Well,
It is also known.
I(polar) = I(axis 1) + I(axis 2)
So I(polar) is nothing more than the sum of I(axis 1) + I(axis 2) where the two axis are perpendicular.
Of course with a mast the I(y-axis) is very small compared to I(x-axis) ; a ratio of 1 to 30,000. So it is very convenient approximate masts (the thing we wre initially talking about) by calculating only I-(x-axis). In short Ipolar of the mast is very closely approximated by I(x-axis) alone.
In basis you are right however. I(polar) is the thing you need to do math on rotations dealing with the whole platform.
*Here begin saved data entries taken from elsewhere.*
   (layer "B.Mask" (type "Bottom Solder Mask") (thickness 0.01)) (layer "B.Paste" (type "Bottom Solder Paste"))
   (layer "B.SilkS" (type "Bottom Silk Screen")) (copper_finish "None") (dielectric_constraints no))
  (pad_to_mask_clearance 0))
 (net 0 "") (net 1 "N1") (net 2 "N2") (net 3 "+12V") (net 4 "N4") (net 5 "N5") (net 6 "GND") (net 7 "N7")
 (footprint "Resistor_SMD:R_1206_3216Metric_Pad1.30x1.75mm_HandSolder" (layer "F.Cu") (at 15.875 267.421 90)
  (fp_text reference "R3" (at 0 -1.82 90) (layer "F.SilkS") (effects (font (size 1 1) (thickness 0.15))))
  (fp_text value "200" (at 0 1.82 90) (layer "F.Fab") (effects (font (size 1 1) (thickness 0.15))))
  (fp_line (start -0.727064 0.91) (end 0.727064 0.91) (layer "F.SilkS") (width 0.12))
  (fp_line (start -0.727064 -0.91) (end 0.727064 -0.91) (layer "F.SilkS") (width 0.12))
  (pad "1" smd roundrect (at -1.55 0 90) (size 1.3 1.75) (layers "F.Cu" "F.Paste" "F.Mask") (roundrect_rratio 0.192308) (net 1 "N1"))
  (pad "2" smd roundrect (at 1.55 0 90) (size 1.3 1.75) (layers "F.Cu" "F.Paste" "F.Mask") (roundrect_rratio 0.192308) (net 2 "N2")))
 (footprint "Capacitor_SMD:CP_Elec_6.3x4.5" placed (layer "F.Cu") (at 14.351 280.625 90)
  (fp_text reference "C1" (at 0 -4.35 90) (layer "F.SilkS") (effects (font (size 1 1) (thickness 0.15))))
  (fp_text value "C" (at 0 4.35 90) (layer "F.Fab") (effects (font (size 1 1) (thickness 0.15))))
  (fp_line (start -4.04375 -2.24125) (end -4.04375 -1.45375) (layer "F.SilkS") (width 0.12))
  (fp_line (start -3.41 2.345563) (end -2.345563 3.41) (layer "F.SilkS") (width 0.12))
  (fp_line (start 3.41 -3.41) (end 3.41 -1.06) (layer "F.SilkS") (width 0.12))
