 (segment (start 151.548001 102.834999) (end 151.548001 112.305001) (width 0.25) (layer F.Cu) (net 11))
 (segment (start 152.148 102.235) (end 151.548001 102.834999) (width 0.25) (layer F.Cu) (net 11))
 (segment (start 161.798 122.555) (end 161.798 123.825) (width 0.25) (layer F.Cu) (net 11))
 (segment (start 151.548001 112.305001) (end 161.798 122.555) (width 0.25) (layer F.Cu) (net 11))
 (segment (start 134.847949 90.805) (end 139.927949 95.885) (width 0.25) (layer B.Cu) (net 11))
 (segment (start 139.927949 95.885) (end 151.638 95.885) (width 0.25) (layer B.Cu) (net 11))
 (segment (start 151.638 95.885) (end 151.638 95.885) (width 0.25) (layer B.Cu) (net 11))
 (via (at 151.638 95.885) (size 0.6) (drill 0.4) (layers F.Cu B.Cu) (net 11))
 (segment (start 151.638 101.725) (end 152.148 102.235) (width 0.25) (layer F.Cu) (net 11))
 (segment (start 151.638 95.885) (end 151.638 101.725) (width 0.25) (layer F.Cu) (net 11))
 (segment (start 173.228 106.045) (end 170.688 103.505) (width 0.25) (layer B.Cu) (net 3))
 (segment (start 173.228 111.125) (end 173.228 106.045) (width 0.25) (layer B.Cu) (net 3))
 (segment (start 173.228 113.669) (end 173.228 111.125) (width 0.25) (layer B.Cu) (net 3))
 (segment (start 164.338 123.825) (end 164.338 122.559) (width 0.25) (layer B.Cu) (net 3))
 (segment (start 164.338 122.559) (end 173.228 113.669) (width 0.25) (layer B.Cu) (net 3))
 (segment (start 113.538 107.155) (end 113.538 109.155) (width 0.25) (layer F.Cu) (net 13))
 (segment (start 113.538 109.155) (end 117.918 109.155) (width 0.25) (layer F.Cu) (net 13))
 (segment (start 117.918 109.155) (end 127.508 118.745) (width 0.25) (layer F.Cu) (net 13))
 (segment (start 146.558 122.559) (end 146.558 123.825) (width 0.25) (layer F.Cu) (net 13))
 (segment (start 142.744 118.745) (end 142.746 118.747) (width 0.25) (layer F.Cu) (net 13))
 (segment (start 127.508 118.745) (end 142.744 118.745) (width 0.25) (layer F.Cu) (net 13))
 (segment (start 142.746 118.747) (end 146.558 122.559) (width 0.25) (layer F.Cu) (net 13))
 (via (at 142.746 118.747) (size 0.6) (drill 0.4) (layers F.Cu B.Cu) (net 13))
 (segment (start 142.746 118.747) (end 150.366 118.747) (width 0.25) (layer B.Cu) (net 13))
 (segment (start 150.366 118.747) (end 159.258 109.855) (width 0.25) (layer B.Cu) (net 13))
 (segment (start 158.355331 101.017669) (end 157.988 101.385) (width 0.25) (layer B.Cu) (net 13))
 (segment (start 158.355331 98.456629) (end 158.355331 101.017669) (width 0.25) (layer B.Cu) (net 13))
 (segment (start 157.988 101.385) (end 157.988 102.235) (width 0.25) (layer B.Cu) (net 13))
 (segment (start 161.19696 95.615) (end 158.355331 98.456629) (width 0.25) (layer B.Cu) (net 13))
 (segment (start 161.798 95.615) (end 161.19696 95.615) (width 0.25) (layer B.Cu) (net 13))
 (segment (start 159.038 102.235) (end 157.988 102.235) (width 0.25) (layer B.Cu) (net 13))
However for dive decelleration calculations you'll need I(x-axis) again and not I(polar).
Things are getting easier by the post aren't they.
As Radius of Gyration was not incorrect in the strickt sense but a it is a confusing expression to use.
may point was however than reducing mast weight by a factor of 2 reduces the polar moment of the mast by 2.0000333 when looking at rotational oscillations. For decelleration dives only one of the normal moment of enertias is involved and this is reduced by 2. This is only for the mast and the total of I(polar) is determined by many components INCLUDING for example the crew itself especially when far away from the main beam. The overall net effect of reducing the weight of the mast by a factor of 2 can have a net result of about 5-15 % overall depending on several factors
I think ths wraps it up nicely for all of us.
Wouter